> **DATA IN THIS EXERCISE**
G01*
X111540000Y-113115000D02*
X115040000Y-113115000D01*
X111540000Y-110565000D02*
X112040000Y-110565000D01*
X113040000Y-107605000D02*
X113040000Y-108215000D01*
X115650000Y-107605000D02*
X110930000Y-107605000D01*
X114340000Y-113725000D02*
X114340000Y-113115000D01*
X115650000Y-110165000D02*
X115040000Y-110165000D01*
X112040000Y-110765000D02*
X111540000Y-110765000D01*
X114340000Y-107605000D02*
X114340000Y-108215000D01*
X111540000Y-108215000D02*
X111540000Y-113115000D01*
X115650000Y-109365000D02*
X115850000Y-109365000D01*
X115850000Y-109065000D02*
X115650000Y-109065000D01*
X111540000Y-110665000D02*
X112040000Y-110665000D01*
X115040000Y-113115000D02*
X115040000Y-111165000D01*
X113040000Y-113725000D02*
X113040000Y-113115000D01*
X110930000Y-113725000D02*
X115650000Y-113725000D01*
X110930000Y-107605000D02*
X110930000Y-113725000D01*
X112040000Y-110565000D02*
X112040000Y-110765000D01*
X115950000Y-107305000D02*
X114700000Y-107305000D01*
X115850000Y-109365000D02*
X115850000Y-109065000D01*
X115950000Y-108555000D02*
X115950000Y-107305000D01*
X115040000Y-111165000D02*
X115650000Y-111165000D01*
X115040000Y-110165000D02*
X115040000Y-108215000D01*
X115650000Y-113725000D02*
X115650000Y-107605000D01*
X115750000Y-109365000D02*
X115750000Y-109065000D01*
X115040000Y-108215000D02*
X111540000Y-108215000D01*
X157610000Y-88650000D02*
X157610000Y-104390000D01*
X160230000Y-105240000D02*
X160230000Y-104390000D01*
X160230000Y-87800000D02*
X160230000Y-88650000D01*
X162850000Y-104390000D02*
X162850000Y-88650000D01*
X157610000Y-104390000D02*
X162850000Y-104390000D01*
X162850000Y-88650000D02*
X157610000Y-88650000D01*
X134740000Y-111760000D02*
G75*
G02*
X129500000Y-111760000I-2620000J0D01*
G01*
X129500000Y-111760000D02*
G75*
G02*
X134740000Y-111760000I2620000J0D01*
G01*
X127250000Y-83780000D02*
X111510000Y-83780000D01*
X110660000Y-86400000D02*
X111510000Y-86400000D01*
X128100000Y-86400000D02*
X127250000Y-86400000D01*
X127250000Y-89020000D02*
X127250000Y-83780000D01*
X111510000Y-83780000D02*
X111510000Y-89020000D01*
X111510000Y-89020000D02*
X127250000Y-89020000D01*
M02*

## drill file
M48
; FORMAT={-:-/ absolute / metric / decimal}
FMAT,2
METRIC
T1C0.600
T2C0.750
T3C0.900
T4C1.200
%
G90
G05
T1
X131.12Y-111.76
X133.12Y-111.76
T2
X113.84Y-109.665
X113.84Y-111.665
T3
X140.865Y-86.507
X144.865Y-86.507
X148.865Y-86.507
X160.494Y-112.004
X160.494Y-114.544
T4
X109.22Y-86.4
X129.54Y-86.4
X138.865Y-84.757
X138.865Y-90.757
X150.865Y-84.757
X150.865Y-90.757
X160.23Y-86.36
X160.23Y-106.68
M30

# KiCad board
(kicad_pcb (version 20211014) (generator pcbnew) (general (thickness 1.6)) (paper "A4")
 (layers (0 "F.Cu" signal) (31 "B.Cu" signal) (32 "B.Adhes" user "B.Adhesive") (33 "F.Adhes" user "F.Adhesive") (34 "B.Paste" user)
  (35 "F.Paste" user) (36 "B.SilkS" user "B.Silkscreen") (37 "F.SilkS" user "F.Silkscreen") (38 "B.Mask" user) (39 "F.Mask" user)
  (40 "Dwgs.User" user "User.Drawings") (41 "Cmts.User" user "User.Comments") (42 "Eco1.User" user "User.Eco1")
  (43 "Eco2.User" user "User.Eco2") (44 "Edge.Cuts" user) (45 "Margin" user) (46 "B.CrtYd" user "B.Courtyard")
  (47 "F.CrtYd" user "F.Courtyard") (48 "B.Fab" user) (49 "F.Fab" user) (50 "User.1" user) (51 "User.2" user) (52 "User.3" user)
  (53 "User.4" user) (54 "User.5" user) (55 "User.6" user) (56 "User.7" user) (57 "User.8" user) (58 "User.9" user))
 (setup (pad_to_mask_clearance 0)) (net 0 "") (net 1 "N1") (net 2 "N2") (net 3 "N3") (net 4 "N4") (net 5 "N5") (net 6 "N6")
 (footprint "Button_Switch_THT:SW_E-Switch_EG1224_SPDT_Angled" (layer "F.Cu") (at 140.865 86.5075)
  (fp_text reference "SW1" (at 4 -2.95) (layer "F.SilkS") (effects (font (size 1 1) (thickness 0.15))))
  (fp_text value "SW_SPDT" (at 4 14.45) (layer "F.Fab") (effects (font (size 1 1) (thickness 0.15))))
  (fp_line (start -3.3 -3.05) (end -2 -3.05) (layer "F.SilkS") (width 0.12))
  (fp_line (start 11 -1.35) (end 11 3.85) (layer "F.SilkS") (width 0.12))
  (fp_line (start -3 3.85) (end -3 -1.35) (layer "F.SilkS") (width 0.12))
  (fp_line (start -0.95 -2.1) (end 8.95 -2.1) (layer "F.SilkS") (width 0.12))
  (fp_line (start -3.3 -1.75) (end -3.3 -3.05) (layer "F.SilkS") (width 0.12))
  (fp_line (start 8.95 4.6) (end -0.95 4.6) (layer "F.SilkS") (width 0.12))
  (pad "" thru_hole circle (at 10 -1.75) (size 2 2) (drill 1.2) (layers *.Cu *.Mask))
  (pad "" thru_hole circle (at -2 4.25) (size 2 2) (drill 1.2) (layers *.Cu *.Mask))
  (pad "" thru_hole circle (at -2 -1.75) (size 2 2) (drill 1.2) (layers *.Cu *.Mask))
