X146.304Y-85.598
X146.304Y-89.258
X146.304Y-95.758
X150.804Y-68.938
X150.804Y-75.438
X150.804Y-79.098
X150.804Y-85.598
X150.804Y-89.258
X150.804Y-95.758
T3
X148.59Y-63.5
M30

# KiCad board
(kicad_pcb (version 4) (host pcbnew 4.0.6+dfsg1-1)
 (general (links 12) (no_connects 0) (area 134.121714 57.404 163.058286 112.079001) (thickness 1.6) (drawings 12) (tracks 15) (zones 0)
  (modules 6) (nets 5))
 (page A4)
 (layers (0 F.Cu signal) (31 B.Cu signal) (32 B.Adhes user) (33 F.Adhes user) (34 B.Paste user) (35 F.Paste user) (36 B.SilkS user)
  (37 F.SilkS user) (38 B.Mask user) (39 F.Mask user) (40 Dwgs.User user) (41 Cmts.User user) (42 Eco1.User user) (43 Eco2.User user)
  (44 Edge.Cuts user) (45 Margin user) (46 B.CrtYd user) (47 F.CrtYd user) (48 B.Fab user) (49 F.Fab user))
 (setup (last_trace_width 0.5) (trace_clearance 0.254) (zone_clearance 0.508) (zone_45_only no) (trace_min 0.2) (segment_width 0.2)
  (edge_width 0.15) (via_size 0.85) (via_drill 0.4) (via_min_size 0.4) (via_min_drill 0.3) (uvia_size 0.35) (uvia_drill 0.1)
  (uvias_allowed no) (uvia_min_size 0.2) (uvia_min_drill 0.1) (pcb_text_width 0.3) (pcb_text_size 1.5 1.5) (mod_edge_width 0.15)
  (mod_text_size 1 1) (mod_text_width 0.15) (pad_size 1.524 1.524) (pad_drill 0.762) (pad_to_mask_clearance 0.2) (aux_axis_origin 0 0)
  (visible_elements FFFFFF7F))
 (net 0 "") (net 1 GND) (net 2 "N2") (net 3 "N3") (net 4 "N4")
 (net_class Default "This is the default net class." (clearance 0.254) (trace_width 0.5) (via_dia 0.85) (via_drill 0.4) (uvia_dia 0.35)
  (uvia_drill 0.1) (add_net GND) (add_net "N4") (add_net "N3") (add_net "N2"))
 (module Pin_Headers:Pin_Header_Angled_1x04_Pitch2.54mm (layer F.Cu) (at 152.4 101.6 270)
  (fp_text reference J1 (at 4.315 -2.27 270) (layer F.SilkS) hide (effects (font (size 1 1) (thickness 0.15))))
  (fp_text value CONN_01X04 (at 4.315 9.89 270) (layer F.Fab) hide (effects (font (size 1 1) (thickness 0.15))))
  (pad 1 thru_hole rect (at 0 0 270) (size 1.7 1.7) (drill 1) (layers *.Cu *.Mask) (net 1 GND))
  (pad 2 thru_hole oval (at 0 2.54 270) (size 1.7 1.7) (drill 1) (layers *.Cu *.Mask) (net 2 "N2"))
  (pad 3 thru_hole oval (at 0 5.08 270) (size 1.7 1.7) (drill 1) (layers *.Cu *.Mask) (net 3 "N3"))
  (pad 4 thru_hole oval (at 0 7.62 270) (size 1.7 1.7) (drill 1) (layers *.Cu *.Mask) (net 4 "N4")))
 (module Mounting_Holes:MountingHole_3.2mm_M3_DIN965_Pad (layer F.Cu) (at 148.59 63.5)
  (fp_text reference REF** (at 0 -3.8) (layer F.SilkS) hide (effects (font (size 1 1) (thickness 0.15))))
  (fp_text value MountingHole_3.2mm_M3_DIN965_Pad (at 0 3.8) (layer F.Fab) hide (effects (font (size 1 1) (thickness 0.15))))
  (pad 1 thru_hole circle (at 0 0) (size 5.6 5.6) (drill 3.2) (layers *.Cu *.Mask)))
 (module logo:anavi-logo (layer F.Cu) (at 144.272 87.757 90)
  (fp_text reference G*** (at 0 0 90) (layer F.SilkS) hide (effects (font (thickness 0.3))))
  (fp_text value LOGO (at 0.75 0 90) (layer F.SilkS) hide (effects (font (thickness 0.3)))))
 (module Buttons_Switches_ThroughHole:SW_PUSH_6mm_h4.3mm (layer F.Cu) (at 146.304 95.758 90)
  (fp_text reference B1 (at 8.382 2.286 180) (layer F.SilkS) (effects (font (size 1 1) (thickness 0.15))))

---

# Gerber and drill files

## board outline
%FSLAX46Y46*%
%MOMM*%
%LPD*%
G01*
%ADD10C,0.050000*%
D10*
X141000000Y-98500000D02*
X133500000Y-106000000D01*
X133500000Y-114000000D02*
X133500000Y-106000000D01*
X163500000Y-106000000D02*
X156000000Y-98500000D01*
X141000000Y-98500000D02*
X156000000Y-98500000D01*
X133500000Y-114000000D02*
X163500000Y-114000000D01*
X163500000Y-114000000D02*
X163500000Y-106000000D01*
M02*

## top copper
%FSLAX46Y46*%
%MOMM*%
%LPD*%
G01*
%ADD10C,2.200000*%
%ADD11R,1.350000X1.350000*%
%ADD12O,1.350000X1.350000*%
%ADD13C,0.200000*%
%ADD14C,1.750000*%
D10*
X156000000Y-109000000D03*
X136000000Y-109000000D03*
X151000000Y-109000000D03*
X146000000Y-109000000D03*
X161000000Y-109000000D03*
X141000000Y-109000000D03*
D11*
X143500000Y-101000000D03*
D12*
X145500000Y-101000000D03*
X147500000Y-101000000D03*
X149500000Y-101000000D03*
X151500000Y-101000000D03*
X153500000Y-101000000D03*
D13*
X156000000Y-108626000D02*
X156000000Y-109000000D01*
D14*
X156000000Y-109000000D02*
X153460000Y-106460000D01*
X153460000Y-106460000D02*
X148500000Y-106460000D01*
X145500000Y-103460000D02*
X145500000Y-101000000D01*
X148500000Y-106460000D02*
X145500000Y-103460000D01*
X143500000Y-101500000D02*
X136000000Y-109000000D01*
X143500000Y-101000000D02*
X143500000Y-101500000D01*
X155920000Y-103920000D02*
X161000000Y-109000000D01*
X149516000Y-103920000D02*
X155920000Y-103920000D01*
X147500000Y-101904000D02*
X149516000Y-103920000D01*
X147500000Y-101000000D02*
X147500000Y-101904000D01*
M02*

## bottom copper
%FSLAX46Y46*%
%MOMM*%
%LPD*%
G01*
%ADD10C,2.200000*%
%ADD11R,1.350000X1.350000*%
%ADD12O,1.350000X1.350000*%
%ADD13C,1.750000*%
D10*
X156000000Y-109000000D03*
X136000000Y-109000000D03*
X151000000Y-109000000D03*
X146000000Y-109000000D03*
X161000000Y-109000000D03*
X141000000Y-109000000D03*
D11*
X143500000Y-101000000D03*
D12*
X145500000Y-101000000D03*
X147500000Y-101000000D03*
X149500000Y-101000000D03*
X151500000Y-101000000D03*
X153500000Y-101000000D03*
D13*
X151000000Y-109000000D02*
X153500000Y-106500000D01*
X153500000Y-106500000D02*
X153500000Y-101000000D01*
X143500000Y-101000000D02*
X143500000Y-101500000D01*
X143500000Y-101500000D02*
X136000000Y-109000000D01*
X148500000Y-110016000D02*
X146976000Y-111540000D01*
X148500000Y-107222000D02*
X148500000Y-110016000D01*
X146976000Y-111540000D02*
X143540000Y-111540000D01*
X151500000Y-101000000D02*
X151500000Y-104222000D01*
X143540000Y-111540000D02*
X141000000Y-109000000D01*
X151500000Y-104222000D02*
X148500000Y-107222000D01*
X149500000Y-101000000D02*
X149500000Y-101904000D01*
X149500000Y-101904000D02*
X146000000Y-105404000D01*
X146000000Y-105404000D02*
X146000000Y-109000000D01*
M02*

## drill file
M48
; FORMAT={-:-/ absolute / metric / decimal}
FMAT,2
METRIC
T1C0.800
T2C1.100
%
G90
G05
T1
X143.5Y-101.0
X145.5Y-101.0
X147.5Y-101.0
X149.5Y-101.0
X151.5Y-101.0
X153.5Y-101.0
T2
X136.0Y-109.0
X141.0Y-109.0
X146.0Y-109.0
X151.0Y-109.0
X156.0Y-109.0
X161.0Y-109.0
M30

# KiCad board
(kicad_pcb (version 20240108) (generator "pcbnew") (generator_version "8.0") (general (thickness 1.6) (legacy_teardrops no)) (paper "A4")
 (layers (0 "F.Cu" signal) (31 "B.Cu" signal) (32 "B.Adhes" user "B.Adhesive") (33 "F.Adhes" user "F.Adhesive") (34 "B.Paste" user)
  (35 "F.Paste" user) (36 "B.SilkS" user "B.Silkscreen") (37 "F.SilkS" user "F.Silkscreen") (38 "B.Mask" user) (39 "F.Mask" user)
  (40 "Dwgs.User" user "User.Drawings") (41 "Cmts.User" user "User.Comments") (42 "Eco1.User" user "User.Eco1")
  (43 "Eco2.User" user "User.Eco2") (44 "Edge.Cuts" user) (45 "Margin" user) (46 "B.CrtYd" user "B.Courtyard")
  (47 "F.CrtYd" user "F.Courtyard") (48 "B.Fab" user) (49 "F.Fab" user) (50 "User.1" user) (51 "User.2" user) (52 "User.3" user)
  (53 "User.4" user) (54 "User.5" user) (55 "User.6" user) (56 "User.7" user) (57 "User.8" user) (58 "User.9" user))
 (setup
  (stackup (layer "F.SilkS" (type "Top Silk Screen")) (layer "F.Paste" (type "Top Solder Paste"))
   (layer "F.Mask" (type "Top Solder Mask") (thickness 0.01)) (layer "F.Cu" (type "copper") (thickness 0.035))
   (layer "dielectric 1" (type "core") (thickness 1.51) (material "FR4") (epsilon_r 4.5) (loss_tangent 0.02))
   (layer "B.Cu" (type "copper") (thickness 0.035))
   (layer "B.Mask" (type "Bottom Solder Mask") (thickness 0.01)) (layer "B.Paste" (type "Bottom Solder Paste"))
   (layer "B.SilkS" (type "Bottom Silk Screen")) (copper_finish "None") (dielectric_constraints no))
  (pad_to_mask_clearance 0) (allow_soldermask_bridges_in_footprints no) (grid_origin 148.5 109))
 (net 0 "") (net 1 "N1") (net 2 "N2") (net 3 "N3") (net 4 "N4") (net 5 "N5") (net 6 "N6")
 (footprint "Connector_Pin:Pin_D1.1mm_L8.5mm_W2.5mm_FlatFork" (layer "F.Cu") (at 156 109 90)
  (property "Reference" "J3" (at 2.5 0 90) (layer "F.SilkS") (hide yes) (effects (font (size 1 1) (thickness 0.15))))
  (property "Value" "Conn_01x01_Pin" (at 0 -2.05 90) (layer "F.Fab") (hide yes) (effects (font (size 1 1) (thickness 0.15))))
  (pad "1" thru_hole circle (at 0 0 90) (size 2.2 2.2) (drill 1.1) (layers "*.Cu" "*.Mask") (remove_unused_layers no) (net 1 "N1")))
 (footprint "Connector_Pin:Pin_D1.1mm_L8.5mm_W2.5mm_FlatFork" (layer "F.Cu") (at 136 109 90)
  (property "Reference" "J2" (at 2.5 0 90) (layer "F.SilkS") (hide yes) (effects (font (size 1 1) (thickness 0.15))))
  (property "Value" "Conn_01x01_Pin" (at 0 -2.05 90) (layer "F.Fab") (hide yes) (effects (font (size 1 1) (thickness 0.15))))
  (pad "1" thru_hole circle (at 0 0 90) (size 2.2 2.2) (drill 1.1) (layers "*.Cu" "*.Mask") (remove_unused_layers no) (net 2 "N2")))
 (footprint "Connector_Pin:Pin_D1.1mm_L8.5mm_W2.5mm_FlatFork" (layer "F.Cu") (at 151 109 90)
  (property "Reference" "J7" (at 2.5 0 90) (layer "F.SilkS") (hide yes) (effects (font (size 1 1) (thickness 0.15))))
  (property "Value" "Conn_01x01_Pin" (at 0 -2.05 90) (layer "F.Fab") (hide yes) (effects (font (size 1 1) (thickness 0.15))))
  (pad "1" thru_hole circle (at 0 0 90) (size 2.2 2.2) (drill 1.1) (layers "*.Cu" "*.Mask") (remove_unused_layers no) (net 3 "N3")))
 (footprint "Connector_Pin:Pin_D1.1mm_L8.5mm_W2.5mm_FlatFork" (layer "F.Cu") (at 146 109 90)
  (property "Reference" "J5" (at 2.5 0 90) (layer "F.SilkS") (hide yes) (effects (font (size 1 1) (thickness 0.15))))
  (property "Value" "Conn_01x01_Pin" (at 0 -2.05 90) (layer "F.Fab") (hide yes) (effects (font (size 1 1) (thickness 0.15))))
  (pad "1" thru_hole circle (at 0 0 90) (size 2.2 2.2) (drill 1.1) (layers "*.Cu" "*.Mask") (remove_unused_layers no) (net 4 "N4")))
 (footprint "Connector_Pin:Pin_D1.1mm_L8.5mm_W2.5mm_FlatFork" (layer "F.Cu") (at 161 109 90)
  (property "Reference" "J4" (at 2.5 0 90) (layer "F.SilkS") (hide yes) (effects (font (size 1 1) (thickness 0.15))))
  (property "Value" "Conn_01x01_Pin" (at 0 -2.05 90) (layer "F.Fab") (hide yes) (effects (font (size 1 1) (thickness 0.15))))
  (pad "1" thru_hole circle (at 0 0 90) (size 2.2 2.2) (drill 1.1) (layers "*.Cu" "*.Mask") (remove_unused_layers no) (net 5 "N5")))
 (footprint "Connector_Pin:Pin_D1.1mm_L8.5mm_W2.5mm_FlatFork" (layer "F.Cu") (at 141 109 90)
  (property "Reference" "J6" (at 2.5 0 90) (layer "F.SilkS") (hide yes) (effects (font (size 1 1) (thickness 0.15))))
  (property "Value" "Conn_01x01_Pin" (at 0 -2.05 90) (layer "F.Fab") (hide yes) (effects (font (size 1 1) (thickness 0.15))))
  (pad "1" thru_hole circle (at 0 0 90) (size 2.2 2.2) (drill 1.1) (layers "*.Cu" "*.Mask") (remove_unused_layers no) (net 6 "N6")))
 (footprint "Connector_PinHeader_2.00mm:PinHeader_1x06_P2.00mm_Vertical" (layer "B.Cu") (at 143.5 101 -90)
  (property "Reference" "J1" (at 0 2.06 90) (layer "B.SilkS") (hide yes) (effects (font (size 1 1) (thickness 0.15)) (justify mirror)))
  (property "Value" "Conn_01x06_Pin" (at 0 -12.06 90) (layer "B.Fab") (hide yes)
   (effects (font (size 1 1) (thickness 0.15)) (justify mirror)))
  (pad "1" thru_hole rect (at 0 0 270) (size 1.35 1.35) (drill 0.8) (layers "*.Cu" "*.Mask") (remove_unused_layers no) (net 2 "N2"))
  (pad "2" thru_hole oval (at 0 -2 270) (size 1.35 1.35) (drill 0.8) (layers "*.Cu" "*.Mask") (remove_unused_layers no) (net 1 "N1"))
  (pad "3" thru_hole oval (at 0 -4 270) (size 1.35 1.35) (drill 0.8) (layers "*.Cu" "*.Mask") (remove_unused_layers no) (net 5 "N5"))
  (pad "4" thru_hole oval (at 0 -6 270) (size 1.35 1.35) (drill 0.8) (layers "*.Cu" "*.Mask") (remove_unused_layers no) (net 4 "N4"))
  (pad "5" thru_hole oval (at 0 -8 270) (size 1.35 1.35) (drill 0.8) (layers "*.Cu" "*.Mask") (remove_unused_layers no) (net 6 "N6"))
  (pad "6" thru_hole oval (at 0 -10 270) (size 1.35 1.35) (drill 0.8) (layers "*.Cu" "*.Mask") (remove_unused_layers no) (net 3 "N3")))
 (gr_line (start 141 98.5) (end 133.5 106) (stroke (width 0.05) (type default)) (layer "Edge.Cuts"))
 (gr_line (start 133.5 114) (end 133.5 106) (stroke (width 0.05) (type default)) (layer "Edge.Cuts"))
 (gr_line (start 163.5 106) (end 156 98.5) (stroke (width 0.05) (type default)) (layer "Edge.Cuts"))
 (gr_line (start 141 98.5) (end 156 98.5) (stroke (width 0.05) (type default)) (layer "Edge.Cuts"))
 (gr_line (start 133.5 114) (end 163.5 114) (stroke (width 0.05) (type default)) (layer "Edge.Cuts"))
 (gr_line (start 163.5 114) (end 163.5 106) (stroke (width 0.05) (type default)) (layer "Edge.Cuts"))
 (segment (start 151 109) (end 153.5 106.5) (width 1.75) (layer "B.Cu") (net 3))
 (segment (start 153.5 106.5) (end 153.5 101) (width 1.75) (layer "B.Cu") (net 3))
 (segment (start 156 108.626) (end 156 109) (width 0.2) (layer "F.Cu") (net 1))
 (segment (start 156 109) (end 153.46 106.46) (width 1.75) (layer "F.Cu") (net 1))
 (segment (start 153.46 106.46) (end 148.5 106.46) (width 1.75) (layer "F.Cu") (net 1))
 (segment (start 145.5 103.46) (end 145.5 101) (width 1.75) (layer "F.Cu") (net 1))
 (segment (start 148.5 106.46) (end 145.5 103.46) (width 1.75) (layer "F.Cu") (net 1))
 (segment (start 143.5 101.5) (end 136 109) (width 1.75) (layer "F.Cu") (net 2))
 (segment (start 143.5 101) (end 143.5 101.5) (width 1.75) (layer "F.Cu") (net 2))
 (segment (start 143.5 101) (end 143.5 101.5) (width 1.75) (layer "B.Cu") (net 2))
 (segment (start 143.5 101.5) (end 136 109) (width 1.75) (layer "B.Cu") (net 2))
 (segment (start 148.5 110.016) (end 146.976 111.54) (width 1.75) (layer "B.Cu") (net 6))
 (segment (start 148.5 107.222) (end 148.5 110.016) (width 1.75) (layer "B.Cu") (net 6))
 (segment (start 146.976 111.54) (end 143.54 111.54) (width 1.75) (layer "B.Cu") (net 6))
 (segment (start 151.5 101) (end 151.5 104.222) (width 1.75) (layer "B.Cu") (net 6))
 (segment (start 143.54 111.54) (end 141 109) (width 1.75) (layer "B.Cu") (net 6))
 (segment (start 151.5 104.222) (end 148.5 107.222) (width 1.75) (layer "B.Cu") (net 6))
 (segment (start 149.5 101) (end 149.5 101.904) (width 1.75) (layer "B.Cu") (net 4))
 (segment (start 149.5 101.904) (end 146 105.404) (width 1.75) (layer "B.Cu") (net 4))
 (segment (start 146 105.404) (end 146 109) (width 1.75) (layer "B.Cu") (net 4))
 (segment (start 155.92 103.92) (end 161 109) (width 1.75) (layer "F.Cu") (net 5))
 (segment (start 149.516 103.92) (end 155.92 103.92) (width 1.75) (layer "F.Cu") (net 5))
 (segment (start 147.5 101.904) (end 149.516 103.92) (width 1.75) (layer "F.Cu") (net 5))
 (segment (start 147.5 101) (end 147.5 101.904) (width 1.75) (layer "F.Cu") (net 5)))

> **EXERCISE BRIEF**
Here the output must be the lines above from the line with "X112040000Y-110765000D02*" to the line with "X162850000Y-104390000D01*", both included, duplicated word for word and nothing else.

> **TASK RESPONSE**
X112040000Y-110765000D02*
X111540000Y-110765000D01*
X114340000Y-107605000D02*
X114340000Y-108215000D01*
X111540000Y-108215000D02*
X111540000Y-113115000D01*
X115650000Y-109365000D02*
X115850000Y-109365000D01*
X115850000Y-109065000D02*
X115650000Y-109065000D01*
X111540000Y-110665000D02*
X112040000Y-110665000D01*
X115040000Y-113115000D02*
X115040000Y-111165000D01*
X113040000Y-113725000D02*
X113040000Y-113115000D01*
X110930000Y-113725000D02*
X115650000Y-113725000D01*
X110930000Y-107605000D02*
X110930000Y-113725000D01*
X112040000Y-110565000D02*
X112040000Y-110765000D01*
X115950000Y-107305000D02*
X114700000Y-107305000D01*
X115850000Y-109365000D02*
X115850000Y-109065000D01*
X115950000Y-108555000D02*
X115950000Y-107305000D01*
X115040000Y-111165000D02*
X115650000Y-111165000D01*
X115040000Y-110165000D02*
X115040000Y-108215000D01*
X115650000Y-113725000D02*
X115650000Y-107605000D01*
X115750000Y-109365000D02*
X115750000Y-109065000D01*
X115040000Y-108215000D02*
X111540000Y-108215000D01*
X157610000Y-88650000D02*
X157610000Y-104390000D01*
X160230000Y-105240000D02*
X160230000Y-104390000D01*
X160230000Y-87800000D02*
X160230000Y-88650000D01*
X162850000Y-104390000D02*
X162850000Y-88650000D01*
X157610000Y-104390000D02*
X162850000Y-104390000D01*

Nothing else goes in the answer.